*** SUPPLIED RECORDS ***
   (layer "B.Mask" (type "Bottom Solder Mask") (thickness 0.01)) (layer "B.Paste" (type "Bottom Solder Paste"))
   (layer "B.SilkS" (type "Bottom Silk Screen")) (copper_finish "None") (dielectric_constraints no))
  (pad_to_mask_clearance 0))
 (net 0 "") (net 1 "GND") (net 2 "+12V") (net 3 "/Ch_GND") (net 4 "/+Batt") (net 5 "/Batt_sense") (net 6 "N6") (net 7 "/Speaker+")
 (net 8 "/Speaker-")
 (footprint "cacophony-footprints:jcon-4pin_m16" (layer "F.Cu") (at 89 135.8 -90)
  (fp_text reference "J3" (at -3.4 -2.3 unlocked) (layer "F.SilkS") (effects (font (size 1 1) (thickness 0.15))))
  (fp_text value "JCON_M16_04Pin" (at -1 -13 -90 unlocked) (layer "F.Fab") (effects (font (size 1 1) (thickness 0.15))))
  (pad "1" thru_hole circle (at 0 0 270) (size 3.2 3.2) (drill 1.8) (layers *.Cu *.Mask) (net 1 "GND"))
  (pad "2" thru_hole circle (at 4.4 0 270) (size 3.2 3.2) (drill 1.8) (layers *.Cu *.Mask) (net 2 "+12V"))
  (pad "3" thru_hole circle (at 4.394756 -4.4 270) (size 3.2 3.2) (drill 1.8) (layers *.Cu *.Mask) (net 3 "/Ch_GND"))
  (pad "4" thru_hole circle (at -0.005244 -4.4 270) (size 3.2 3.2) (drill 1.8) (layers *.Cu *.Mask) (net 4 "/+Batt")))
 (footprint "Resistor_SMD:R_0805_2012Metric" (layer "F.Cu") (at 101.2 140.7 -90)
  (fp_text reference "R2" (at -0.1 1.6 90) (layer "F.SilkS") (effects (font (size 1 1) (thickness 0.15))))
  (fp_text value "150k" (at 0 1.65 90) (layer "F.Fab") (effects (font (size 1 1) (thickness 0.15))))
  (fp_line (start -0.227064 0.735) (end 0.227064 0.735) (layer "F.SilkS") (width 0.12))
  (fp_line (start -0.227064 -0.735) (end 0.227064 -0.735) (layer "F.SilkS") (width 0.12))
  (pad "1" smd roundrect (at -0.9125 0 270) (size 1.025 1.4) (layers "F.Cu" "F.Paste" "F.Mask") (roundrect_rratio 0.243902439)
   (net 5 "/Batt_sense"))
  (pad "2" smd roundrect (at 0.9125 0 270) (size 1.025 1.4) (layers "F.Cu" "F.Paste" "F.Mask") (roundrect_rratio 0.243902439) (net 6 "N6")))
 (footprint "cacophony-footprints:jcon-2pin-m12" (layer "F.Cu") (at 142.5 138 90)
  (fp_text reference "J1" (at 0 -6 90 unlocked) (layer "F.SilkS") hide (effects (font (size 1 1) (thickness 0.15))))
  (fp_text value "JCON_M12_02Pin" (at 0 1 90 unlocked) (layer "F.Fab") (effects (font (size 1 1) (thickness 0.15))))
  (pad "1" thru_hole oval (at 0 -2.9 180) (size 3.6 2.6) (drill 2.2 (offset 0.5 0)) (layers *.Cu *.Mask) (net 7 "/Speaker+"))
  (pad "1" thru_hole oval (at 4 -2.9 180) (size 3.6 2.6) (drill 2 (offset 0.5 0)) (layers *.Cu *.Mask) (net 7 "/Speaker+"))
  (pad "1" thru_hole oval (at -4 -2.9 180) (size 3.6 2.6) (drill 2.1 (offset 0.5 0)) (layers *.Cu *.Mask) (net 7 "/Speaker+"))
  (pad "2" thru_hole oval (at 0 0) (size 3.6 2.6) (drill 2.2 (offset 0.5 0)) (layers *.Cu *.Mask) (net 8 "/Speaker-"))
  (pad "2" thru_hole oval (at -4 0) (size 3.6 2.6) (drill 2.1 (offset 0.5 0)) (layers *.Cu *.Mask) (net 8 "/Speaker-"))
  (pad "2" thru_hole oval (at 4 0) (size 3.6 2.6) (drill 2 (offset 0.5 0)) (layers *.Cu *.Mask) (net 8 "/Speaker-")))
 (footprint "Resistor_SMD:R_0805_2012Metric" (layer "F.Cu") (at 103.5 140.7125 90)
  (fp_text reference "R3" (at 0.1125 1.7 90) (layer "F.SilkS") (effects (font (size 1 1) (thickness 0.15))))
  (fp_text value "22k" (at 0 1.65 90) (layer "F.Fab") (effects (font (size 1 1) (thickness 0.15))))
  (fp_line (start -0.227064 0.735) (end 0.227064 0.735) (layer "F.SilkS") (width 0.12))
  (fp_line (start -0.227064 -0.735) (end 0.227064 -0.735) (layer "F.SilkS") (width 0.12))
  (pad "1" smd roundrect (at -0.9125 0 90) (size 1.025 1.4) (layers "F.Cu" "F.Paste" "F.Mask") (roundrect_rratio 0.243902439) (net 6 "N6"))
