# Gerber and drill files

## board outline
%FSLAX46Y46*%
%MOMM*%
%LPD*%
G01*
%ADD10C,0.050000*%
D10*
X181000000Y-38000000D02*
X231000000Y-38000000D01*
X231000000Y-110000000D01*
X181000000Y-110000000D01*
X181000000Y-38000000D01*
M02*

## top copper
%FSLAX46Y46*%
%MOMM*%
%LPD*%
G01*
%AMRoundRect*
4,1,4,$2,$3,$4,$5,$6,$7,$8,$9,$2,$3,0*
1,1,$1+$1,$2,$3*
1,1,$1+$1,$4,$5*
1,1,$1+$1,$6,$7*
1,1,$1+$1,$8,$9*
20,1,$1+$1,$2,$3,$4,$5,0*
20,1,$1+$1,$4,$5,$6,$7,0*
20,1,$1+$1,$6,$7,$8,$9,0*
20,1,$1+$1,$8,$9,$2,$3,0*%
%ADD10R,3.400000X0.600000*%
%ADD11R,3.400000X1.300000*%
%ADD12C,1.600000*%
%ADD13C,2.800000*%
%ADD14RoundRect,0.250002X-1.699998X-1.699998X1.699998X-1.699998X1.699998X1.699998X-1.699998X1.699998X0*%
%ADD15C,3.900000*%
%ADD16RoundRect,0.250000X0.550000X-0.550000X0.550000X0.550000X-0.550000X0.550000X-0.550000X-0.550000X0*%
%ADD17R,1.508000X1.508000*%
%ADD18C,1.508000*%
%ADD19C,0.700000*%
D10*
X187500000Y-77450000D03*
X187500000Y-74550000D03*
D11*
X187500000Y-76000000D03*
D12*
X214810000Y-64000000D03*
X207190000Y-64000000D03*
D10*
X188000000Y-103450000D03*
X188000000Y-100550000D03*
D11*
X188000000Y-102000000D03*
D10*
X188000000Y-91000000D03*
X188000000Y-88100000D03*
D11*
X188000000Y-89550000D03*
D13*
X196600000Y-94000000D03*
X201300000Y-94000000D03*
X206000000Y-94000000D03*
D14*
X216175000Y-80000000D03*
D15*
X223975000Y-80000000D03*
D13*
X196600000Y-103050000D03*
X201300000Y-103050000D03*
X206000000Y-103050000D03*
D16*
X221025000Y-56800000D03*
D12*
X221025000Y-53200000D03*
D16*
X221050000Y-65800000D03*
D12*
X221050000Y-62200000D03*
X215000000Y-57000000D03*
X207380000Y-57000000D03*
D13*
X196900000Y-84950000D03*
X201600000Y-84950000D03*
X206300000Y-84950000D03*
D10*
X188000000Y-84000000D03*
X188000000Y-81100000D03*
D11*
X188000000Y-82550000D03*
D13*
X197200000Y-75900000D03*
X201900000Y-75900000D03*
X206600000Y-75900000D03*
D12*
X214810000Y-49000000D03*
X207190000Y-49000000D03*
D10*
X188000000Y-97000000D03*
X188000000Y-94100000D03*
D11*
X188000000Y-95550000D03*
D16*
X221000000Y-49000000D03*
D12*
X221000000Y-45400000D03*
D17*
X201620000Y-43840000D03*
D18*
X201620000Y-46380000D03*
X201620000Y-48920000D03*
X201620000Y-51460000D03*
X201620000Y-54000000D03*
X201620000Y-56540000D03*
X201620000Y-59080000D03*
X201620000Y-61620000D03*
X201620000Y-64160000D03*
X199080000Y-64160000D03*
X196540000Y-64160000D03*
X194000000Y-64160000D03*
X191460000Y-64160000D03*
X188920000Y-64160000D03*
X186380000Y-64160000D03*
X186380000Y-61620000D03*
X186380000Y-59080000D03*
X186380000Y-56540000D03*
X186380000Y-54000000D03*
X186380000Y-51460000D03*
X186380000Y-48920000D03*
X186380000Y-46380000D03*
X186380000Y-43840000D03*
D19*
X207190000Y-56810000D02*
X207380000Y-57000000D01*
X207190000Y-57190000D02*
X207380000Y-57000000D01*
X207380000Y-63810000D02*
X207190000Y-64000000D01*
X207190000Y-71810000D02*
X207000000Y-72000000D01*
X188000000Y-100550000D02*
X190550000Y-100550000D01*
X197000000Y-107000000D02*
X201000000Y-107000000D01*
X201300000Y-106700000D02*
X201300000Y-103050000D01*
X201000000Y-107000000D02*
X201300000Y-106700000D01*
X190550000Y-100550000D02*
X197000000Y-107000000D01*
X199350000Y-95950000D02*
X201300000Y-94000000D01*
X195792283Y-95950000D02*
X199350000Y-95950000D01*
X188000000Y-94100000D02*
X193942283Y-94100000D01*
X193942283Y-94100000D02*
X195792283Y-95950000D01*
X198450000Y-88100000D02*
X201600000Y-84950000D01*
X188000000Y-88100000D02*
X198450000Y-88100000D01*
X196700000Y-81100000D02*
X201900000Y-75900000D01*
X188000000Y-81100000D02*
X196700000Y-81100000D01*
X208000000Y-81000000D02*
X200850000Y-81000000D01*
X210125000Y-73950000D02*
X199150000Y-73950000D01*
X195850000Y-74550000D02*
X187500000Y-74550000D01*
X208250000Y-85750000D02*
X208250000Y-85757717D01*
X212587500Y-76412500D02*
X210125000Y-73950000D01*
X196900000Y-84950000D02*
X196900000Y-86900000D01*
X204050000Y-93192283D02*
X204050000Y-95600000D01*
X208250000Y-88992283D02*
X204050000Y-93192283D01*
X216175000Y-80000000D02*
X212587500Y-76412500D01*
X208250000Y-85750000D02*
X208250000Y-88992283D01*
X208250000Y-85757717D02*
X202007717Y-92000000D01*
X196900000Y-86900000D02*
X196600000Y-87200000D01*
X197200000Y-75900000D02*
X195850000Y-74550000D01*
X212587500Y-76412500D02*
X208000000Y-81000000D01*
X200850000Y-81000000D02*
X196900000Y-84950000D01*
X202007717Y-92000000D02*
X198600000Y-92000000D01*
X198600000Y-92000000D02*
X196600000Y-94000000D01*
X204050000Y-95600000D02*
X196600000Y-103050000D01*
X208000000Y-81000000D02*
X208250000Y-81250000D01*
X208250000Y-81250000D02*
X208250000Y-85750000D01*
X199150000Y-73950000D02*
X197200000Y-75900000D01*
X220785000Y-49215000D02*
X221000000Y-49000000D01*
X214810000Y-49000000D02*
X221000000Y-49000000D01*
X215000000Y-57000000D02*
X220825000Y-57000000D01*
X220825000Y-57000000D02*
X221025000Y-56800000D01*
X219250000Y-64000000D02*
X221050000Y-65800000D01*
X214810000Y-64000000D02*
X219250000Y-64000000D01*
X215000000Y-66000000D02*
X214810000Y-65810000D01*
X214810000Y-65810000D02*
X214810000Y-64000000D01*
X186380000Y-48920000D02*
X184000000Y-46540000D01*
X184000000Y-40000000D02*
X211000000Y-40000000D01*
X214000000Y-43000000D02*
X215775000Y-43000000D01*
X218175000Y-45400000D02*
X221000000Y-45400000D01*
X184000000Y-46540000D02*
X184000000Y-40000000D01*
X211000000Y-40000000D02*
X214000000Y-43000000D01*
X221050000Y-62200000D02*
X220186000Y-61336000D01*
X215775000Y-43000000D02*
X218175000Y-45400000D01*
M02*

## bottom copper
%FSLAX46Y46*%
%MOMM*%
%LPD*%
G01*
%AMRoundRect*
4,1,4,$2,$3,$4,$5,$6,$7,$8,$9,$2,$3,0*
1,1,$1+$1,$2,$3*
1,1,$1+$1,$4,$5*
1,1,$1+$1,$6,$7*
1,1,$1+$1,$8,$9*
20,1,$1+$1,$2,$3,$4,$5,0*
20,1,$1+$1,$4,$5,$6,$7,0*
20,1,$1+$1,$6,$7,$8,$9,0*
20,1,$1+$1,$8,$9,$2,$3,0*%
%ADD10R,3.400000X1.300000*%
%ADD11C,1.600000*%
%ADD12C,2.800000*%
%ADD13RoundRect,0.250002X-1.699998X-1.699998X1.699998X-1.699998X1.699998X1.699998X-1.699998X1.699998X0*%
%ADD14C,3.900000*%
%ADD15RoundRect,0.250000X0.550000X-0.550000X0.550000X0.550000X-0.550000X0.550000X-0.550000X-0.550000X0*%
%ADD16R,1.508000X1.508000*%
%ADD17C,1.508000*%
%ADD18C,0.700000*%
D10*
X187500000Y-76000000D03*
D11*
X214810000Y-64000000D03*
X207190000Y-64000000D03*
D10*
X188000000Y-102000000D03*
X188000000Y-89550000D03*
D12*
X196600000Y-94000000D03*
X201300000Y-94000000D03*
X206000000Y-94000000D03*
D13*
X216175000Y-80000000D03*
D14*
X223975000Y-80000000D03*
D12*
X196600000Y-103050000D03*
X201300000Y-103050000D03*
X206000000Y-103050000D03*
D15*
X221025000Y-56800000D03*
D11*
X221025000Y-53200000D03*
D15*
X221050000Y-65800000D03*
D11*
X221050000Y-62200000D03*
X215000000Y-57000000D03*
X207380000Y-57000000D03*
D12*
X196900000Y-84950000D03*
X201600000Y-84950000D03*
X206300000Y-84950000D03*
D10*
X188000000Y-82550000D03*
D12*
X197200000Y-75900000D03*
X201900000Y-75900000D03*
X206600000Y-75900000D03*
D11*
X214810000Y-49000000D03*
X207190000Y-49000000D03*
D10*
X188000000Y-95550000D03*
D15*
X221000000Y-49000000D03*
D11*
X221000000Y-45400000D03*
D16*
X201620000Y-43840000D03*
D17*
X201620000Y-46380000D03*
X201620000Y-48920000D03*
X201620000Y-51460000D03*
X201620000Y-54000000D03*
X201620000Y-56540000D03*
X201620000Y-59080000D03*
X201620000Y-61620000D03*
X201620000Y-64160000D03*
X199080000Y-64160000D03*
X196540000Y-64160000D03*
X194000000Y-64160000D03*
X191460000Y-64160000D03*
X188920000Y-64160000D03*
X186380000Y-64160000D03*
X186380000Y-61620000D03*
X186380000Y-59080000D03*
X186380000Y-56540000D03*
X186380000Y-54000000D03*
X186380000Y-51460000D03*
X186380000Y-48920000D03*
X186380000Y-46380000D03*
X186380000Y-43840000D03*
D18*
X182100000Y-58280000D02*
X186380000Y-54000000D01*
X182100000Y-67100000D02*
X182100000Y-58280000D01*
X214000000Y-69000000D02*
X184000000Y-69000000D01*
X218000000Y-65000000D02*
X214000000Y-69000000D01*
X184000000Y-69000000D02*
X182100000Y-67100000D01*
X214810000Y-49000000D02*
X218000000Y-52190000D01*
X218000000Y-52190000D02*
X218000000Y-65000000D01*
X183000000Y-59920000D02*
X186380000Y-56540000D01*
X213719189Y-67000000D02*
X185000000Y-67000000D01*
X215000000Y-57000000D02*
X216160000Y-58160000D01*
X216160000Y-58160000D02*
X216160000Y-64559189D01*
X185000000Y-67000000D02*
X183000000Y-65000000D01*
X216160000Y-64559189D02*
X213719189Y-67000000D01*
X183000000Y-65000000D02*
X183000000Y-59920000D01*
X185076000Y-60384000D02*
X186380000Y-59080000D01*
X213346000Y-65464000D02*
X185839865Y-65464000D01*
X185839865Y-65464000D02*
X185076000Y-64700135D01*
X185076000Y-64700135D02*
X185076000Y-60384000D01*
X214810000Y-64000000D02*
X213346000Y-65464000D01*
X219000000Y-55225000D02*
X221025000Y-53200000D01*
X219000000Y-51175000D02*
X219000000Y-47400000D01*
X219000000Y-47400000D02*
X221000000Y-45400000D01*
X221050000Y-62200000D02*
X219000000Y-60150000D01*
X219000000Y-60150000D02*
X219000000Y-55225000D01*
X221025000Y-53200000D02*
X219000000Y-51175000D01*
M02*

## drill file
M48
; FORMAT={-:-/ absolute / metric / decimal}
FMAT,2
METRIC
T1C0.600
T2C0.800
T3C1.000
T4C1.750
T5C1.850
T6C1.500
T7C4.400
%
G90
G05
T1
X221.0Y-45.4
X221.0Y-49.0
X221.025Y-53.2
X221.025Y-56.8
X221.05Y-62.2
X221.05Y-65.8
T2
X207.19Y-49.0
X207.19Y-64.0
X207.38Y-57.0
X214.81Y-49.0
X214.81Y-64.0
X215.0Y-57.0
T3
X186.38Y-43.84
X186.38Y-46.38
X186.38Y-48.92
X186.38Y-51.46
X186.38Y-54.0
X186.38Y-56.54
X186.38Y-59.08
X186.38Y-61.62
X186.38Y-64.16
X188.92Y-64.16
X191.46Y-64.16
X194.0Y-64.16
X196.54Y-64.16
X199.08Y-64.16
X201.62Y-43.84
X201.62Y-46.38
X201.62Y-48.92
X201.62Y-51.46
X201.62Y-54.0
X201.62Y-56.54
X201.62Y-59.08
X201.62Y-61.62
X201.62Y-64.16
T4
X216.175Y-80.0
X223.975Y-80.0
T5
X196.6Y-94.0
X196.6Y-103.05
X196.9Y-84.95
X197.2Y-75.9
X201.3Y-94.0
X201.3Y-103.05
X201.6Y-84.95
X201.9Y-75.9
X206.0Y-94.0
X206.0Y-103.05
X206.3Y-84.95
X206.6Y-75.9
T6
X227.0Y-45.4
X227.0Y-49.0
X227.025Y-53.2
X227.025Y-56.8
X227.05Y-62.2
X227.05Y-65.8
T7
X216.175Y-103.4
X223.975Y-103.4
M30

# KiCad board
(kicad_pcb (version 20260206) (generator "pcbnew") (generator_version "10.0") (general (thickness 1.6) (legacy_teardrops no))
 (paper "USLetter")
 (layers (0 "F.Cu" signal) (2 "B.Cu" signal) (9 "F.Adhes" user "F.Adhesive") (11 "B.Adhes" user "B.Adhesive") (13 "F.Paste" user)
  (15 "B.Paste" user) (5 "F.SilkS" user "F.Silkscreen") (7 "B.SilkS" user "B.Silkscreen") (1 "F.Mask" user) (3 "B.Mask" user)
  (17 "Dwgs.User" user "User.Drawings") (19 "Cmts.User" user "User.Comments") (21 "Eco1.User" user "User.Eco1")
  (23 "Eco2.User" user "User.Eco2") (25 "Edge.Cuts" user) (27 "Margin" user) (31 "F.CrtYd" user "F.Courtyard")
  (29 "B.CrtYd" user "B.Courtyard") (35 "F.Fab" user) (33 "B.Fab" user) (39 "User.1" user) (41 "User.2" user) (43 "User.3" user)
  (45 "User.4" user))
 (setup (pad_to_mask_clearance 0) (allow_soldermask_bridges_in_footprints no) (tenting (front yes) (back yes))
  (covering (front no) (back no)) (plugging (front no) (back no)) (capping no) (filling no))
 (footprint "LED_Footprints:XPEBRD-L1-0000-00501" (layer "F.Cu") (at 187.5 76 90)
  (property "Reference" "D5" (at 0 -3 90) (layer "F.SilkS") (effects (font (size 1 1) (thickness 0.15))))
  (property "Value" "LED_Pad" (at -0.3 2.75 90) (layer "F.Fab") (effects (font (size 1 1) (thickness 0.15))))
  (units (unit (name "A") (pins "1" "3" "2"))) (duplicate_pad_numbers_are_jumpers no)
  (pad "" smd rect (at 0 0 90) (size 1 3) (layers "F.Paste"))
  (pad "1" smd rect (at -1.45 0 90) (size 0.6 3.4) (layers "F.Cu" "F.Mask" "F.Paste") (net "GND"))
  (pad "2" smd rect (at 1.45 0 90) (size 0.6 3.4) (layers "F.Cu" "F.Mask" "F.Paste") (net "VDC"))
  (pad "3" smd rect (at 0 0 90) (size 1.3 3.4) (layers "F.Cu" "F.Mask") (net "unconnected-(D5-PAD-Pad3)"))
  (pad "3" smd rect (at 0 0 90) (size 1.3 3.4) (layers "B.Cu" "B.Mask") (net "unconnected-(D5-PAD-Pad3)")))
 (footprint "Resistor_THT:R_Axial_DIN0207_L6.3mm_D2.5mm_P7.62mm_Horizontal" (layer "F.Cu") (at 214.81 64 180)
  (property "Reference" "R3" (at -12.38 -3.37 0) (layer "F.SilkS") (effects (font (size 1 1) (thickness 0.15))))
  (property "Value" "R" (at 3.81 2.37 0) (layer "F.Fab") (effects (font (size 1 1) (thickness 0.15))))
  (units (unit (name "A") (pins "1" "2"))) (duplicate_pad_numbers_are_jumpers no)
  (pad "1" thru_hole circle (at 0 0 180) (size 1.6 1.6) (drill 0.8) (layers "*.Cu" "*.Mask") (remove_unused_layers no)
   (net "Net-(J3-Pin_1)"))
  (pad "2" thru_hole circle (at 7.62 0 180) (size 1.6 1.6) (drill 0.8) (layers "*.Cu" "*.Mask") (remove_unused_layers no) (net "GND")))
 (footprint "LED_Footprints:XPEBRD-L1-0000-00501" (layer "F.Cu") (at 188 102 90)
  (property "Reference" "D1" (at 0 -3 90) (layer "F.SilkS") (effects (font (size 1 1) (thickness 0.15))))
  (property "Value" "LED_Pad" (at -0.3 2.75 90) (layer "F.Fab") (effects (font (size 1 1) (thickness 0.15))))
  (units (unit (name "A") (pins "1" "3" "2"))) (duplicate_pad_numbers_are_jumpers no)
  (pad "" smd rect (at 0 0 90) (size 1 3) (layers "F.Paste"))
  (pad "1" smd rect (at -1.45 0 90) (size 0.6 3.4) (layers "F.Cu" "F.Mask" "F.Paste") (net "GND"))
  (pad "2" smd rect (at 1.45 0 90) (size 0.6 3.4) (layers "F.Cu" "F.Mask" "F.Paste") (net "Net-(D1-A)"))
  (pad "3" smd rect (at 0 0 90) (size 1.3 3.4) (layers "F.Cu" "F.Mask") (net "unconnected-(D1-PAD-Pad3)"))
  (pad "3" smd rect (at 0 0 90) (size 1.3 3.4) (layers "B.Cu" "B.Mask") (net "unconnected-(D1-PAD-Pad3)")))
***
*** SUPPLIED RECORDS ***
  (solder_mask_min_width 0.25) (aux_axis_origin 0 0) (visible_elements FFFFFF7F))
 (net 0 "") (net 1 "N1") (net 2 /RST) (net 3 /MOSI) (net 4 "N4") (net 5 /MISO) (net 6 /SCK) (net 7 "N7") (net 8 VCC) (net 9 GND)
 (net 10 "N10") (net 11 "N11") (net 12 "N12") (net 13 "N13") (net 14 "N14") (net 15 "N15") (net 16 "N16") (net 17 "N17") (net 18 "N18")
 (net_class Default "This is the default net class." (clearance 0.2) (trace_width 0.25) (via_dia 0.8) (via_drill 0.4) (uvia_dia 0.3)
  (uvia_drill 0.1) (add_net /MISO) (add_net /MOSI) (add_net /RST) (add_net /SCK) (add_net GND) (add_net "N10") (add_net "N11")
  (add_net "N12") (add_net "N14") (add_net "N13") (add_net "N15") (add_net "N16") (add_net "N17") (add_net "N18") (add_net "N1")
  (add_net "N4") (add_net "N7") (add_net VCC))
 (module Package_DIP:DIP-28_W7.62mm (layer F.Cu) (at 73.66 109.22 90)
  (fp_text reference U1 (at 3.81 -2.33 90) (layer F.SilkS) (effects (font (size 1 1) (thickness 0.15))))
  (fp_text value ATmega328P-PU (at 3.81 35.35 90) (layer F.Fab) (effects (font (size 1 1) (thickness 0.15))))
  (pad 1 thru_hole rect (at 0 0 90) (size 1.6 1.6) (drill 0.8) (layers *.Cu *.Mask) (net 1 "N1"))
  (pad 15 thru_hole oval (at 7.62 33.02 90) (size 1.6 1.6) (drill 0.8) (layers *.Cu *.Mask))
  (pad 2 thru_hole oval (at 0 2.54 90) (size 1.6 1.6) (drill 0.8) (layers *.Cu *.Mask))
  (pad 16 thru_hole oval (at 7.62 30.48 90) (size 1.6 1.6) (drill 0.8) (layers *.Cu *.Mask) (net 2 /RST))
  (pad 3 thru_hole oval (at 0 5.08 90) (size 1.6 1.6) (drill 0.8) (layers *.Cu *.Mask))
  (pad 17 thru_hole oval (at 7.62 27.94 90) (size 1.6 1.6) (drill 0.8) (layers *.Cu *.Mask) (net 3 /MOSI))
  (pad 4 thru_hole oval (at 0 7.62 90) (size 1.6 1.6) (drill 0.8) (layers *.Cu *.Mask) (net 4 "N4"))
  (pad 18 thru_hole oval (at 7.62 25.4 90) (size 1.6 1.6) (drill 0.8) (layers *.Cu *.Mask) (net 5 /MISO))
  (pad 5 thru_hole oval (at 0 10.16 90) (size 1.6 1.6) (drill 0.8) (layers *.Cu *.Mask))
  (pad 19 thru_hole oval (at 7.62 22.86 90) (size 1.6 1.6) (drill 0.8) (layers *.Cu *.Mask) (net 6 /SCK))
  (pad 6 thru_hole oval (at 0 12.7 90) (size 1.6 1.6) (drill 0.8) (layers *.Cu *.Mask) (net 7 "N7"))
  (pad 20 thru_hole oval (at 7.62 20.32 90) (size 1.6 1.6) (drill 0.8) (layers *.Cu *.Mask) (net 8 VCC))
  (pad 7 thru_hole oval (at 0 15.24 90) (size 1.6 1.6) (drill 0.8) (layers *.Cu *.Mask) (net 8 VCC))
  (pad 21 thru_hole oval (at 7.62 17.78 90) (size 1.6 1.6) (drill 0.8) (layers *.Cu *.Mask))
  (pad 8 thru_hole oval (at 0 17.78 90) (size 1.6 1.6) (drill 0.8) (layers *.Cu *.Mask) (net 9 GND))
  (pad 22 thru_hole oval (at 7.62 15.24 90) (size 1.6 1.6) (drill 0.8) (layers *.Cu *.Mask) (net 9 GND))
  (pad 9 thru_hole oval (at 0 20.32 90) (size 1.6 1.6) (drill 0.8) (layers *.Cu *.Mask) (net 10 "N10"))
***
▸ TASK GOAL
Look for the word "user" throughout the material above and copy every line that has it.

▸ EXERCISE OUTPUT
 (layers (0 "F.Cu" signal) (2 "B.Cu" signal) (9 "F.Adhes" user "F.Adhesive") (11 "B.Adhes" user "B.Adhesive") (13 "F.Paste" user)
  (15 "B.Paste" user) (5 "F.SilkS" user "F.Silkscreen") (7 "B.SilkS" user "B.Silkscreen") (1 "F.Mask" user) (3 "B.Mask" user)
  (17 "Dwgs.User" user "User.Drawings") (19 "Cmts.User" user "User.Comments") (21 "Eco1.User" user "User.Eco1")
  (23 "Eco2.User" user "User.Eco2") (25 "Edge.Cuts" user) (27 "Margin" user) (31 "F.CrtYd" user "F.Courtyard")
  (29 "B.CrtYd" user "B.Courtyard") (35 "F.Fab" user) (33 "B.Fab" user) (39 "User.1" user) (41 "User.2" user) (43 "User.3" user)
  (45 "User.4" user))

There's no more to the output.